Was Horst Seehofer am Dienstag zum Fall des ermordeten Politikers Walter Lübcke gesagt hat, schwankte zwischen Beruhigung und Krisen-Modus. Jetzt schlage erst einmal die "Stunde der Ermittler", sagte Seehofer. Immerhin sei noch kaum etwas bekannt über die Beweggründe des Stephan E.
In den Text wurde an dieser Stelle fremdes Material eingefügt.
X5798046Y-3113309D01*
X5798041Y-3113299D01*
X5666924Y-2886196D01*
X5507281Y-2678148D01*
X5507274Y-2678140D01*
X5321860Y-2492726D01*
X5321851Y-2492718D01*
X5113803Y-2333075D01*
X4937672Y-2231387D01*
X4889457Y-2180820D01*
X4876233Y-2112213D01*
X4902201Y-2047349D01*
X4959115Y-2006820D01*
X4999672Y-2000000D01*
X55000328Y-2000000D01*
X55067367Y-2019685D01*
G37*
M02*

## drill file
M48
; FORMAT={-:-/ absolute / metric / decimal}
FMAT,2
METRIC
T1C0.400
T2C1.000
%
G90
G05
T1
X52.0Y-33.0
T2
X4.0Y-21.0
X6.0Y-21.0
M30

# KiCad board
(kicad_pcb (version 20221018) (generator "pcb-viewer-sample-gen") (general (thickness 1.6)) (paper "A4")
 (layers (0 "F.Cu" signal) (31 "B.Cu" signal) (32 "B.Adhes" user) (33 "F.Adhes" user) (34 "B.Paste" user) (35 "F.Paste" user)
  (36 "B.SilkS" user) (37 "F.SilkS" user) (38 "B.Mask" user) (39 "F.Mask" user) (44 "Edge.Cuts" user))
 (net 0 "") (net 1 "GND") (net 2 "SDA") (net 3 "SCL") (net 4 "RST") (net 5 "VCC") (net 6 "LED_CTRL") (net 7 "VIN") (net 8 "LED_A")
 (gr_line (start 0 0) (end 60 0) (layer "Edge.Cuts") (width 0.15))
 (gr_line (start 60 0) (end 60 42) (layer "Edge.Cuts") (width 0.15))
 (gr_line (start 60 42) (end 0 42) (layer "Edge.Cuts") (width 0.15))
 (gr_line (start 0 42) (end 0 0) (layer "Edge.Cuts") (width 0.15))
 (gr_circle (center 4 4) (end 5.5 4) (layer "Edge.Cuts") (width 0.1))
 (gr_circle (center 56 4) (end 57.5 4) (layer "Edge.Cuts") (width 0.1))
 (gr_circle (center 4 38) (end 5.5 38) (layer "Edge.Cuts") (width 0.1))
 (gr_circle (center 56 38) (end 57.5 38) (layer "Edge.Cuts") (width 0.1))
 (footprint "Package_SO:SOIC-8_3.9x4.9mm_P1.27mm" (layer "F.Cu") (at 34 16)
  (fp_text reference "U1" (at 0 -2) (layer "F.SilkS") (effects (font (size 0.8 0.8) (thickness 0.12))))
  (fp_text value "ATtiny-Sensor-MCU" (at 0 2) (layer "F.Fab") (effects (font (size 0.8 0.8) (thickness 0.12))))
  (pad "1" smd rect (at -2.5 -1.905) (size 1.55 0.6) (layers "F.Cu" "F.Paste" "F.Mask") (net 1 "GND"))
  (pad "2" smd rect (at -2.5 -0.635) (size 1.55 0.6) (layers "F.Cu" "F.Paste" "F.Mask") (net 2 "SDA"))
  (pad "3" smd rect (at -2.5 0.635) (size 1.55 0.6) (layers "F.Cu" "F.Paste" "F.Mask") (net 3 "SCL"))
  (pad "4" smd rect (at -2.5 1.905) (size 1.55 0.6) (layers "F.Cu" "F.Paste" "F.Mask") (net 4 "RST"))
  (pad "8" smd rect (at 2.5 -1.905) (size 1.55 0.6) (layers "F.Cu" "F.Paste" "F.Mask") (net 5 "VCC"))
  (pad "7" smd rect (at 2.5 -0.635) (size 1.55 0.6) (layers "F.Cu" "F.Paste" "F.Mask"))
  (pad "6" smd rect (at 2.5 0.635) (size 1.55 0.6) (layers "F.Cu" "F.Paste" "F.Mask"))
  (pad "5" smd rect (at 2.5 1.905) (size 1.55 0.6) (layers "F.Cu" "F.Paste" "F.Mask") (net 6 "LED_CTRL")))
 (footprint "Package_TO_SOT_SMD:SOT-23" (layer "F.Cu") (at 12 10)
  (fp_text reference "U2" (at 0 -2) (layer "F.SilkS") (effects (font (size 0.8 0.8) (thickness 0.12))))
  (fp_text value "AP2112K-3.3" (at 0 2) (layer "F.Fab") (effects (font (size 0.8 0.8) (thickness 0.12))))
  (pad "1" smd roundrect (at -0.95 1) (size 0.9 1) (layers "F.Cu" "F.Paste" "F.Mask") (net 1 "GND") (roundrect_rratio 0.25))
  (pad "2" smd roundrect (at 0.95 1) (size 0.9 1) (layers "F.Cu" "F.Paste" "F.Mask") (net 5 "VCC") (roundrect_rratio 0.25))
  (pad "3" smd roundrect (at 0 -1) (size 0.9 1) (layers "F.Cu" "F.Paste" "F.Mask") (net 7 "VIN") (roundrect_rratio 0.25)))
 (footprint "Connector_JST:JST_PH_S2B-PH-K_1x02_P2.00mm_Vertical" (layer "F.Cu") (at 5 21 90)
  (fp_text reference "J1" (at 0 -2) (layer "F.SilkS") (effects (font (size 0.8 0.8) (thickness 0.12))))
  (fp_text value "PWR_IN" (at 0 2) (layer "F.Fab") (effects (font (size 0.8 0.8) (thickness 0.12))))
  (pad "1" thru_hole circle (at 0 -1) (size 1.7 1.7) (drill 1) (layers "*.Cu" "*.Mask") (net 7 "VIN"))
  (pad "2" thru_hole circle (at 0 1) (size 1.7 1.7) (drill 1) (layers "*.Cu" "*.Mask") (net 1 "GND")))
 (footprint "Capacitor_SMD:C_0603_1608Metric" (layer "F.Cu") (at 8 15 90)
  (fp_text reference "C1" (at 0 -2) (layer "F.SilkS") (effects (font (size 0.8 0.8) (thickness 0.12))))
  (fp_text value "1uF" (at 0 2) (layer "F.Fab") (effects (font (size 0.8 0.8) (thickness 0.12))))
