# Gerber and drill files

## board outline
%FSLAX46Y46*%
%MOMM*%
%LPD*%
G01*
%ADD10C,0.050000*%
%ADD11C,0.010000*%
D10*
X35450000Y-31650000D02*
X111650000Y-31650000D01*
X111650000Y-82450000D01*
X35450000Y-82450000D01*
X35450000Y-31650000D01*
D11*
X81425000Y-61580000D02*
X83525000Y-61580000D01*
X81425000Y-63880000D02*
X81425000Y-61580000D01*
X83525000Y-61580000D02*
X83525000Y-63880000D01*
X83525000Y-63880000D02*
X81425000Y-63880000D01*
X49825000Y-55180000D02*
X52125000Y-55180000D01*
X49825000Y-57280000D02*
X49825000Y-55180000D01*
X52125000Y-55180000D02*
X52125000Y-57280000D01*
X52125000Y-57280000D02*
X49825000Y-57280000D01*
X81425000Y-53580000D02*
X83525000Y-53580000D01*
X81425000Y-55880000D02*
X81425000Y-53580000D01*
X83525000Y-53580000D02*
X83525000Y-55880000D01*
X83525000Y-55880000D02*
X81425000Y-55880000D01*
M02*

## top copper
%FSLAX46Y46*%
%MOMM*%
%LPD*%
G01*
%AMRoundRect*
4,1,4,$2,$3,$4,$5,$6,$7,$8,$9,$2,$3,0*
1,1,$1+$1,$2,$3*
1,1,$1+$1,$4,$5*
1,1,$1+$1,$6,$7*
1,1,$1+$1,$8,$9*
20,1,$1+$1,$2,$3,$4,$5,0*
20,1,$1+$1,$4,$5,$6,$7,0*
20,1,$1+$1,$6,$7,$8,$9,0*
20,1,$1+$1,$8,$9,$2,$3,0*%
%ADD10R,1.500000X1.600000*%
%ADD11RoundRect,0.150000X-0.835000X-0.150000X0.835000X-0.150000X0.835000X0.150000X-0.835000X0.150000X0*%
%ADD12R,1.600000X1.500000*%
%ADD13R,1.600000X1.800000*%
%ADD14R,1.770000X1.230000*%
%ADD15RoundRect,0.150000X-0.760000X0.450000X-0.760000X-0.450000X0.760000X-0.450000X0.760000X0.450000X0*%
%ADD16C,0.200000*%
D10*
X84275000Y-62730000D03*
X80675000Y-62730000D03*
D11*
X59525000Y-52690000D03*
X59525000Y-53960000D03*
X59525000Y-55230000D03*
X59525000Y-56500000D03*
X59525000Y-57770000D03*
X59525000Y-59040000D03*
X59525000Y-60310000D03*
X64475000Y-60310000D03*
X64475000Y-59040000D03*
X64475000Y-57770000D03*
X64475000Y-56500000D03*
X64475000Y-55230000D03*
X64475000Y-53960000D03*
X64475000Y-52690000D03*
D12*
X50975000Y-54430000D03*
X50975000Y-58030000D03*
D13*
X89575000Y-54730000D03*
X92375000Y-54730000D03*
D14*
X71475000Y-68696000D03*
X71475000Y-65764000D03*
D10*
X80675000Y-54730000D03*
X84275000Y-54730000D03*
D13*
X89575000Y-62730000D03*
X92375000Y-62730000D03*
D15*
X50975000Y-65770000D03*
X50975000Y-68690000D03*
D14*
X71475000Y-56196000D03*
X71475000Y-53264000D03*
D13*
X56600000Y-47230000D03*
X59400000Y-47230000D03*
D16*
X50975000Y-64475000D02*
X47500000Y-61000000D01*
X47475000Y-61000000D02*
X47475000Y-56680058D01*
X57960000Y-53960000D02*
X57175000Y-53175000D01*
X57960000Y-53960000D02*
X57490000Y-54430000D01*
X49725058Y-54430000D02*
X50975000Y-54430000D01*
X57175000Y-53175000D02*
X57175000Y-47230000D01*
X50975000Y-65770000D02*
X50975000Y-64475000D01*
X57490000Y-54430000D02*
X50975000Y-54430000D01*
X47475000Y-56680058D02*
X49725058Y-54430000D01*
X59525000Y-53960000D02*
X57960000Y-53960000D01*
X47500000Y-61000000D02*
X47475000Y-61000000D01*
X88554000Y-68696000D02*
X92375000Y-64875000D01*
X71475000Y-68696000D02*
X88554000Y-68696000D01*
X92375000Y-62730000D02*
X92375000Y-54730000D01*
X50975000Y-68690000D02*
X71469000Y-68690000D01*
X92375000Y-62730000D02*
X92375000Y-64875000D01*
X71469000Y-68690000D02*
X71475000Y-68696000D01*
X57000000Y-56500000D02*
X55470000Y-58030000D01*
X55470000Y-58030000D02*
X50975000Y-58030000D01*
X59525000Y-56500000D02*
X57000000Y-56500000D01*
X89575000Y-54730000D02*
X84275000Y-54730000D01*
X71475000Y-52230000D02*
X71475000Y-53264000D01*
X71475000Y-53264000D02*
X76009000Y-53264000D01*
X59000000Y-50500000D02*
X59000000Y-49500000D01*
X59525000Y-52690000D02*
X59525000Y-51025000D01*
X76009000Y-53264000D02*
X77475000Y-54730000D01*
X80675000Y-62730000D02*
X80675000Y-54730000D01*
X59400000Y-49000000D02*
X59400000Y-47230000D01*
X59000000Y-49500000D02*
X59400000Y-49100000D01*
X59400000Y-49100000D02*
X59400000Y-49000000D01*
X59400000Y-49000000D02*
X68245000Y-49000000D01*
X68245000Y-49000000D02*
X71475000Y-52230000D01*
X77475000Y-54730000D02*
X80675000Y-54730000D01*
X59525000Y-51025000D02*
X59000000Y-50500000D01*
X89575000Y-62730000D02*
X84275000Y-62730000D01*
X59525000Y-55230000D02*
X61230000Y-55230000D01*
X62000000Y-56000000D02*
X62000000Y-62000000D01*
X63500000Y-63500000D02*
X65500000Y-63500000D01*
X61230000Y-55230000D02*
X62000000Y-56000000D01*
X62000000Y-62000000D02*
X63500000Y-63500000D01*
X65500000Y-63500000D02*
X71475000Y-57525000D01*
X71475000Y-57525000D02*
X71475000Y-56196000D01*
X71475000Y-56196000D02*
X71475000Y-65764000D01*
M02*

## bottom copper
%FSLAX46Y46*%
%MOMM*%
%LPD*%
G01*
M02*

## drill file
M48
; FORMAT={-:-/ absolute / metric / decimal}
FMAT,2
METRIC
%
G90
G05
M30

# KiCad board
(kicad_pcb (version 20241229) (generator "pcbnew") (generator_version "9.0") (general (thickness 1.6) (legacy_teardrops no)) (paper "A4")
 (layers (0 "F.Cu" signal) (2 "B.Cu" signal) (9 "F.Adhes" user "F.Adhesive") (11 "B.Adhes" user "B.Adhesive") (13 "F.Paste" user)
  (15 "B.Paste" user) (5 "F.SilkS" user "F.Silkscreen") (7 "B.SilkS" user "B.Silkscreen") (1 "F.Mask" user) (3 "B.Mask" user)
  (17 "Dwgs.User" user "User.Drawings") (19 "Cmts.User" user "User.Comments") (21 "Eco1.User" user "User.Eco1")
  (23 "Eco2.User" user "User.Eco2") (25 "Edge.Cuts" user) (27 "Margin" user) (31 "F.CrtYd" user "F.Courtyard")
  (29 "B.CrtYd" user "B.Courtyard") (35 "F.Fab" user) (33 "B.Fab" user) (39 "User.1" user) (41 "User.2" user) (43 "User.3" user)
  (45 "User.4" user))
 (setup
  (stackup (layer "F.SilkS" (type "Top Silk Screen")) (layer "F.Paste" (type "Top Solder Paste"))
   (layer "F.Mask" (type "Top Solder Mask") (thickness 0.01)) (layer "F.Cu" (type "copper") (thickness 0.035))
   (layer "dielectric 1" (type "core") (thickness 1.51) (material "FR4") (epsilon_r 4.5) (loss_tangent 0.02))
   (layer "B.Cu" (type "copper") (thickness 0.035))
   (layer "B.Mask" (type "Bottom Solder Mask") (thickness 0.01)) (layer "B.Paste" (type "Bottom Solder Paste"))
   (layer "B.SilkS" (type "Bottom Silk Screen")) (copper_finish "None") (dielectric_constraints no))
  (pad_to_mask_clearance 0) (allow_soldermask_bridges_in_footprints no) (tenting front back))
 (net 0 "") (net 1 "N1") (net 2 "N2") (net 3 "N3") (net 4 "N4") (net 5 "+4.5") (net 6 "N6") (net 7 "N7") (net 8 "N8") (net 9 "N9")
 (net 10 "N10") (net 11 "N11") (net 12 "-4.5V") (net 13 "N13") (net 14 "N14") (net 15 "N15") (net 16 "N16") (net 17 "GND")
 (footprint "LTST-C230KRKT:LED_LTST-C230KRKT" (layer "F.Cu") (at 82.475 62.73)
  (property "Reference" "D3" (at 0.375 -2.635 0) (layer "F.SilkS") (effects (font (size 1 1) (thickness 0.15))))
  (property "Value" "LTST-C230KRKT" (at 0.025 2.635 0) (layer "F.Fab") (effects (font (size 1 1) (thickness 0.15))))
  (fp_line (start -1.05 -1.15) (end 1.05 -1.15) (stroke (width 0.01) (type solid)) (layer "Edge.Cuts"))
  (fp_line (start -1.05 1.15) (end -1.05 -1.15) (stroke (width 0.01) (type solid)) (layer "Edge.Cuts"))
  (fp_line (start 1.05 -1.15) (end 1.05 1.15) (stroke (width 0.01) (type solid)) (layer "Edge.Cuts"))
  (fp_line (start 1.05 1.15) (end -1.05 1.15) (stroke (width 0.01) (type solid)) (layer "Edge.Cuts"))
  (pad "A" smd rect (at 1.8 0) (size 1.5 1.6) (layers "F.Cu" "F.Mask" "F.Paste") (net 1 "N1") (solder_mask_margin 0.102))
  (pad "C" smd rect (at -1.8 0) (size 1.5 1.6) (layers "F.Cu" "F.Mask" "F.Paste") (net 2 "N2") (solder_mask_margin 0.102)))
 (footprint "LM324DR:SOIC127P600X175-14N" (layer "F.Cu") (at 62 56.5)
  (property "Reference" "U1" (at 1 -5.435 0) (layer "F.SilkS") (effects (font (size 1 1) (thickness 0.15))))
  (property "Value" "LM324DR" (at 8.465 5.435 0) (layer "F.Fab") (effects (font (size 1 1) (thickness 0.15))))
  (pad "1" smd roundrect (at -2.475 -3.81) (size 1.97 0.6) (layers "F.Cu" "F.Mask" "F.Paste") (roundrect_rratio 0.25) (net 2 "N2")
   (solder_mask_margin 0.102))
  (pad "2" smd roundrect (at -2.475 -2.54) (size 1.97 0.6) (layers "F.Cu" "F.Mask" "F.Paste") (roundrect_rratio 0.25) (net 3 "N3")
   (solder_mask_margin 0.102))
  (pad "3" smd roundrect (at -2.475 -1.27) (size 1.97 0.6) (layers "F.Cu" "F.Mask" "F.Paste") (roundrect_rratio 0.25) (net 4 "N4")
   (solder_mask_margin 0.102))
  (pad "4" smd roundrect (at -2.475 0) (size 1.97 0.6) (layers "F.Cu" "F.Mask" "F.Paste") (roundrect_rratio 0.25) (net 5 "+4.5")
   (solder_mask_margin 0.102))
  (pad "5" smd roundrect (at -2.475 1.27) (size 1.97 0.6) (layers "F.Cu" "F.Mask" "F.Paste") (roundrect_rratio 0.25) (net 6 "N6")
   (solder_mask_margin 0.102))
  (pad "6" smd roundrect (at -2.475 2.54) (size 1.97 0.6) (layers "F.Cu" "F.Mask" "F.Paste") (roundrect_rratio 0.25) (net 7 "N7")
   (solder_mask_margin 0.102))
  (pad "7" smd roundrect (at -2.475 3.81) (size 1.97 0.6) (layers "F.Cu" "F.Mask" "F.Paste") (roundrect_rratio 0.25) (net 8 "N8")
   (solder_mask_margin 0.102))
  (pad "8" smd roundrect (at 2.475 3.81) (size 1.97 0.6) (layers "F.Cu" "F.Mask" "F.Paste") (roundrect_rratio 0.25) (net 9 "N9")
   (solder_mask_margin 0.102))
  (pad "9" smd roundrect (at 2.475 2.54) (size 1.97 0.6) (layers "F.Cu" "F.Mask" "F.Paste") (roundrect_rratio 0.25) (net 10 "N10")
   (solder_mask_margin 0.102))
  (pad "10" smd roundrect (at 2.475 1.27) (size 1.97 0.6) (layers "F.Cu" "F.Mask" "F.Paste") (roundrect_rratio 0.25) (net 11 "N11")
   (solder_mask_margin 0.102))
  (pad "11" smd roundrect (at 2.475 0) (size 1.97 0.6) (layers "F.Cu" "F.Mask" "F.Paste") (roundrect_rratio 0.25) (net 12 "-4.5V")
   (solder_mask_margin 0.102))
  (pad "12" smd roundrect (at 2.475 -1.27) (size 1.97 0.6) (layers "F.Cu" "F.Mask" "F.Paste") (roundrect_rratio 0.25) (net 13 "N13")
   (solder_mask_margin 0.102))
  (pad "13" smd roundrect (at 2.475 -2.54) (size 1.97 0.6) (layers "F.Cu" "F.Mask" "F.Paste") (roundrect_rratio 0.25) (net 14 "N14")
   (solder_mask_margin 0.102))
  (pad "14" smd roundrect (at 2.475 -3.81) (size 1.97 0.6) (layers "F.Cu" "F.Mask" "F.Paste") (roundrect_rratio 0.25) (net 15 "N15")
   (solder_mask_margin 0.102)))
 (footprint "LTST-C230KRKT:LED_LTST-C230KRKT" (layer "F.Cu") (at 50.975 56.23 90)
Aber Seehofer sagt eben auch andere Worte: "Wir haben darüber gesprochen, die Gefährdungslage für die Bevölkerung anzuheben, uns aber zum jetzigen Zeitpunkt dagegen entschieden." Man wolle für solche Maßnahmen den richtigen Zeitpunkt und die Ergebnisse der Ermittler abwarten.
Der Minister, das zeigen diese Ausführungen, sieht offenbar das Potential für eine kritische Notlage in Bezug auf die Gefahr von Rechtsextremisten in Deutschland. Ausgerechnet Horst Seehofer ist es, der als erster jene klaren Worte findet, die viele Kritiker gerade beim Rest der Union vermissen. "Wir müssen den Antisemitismus und den Rechtsextremismus sehr sehr ernst nehmen" sagt er. Es sei ein "Alarmsignal Hoch Drei", wenn ein hoher Repräsentant des Staats ermordet würde. Die Häme für das Opfer und den Beifall für den Täter nennt der Minister "abscheulich und widerwärtig."
Zuletzt sind rechtsextreme Übergriffe laut polizeilicher Kriminalstatistik eigentlich zurückgegangen. Experten und Beobachter der rechten Szene sprechen aber schon seit Jahren von einem erhöhten Risiko rechtsextremer Anschläge.
Diese Einstufung der Lage versuchte dann am Dienstag auch der Innenminister zu vermitteln, der zusammen mit dem Präsidenten des BKA, Holger Münch, und dem Chef des Verfassungsschutzes, Thomas Haldenwang, vor die Öffentlichkeit trat. Münch etwa sagte: "Nur weil nichts passiert, nimmt das Risiko nicht ab."
Wo Seehofer von einer neuen Qualität sprach, lieferte der BKA-Präsident Zahlen.
Auch, was der Chef des Verfassungsschutzes sagt, lässt aufhorchen. Haldenwang habe besonders zu denken gegeben, dass der Täter seit 2009 nicht mehr in Erscheinung getreteten sei.
"Wie wir bei den Islamisten die Kategorie der Schläfer kannten, müssen wir uns auch bei Rechtsextremen um diese Täter kümmern“, sagte Haldenwang.
Stephan E. habe nur deshalb überführt werden können, weil seine biologischen Daten noch immer in den Datenbanken der Behörden zu finden seien. Normalerweise müssen solche Daten von verurteilten Tätern irgendwann gelöscht werden. Im Zuge des NSU-Untersuchungsausschusses wurde für die Ermittlungsbehörden in Bezug auf Verbrechen mit politischen Hintergrund ein "Lösch-Moratorium" eingeführt. Will heißen: Die Daten von rechtsextremen Tätern müssen nicht mehr gelöscht werden.
Jetzt, so sagt Haldenwang, werde man das Umfeld von Stephan E. durchleuchten. E. stand in seiner Vergangeneheit in Verbindung mit rechtsextremen Gruppen wie "Combat 81". BKA-Präsident Münch fügte hinzu: "Die Gefährdungslage behalten wir im Auge."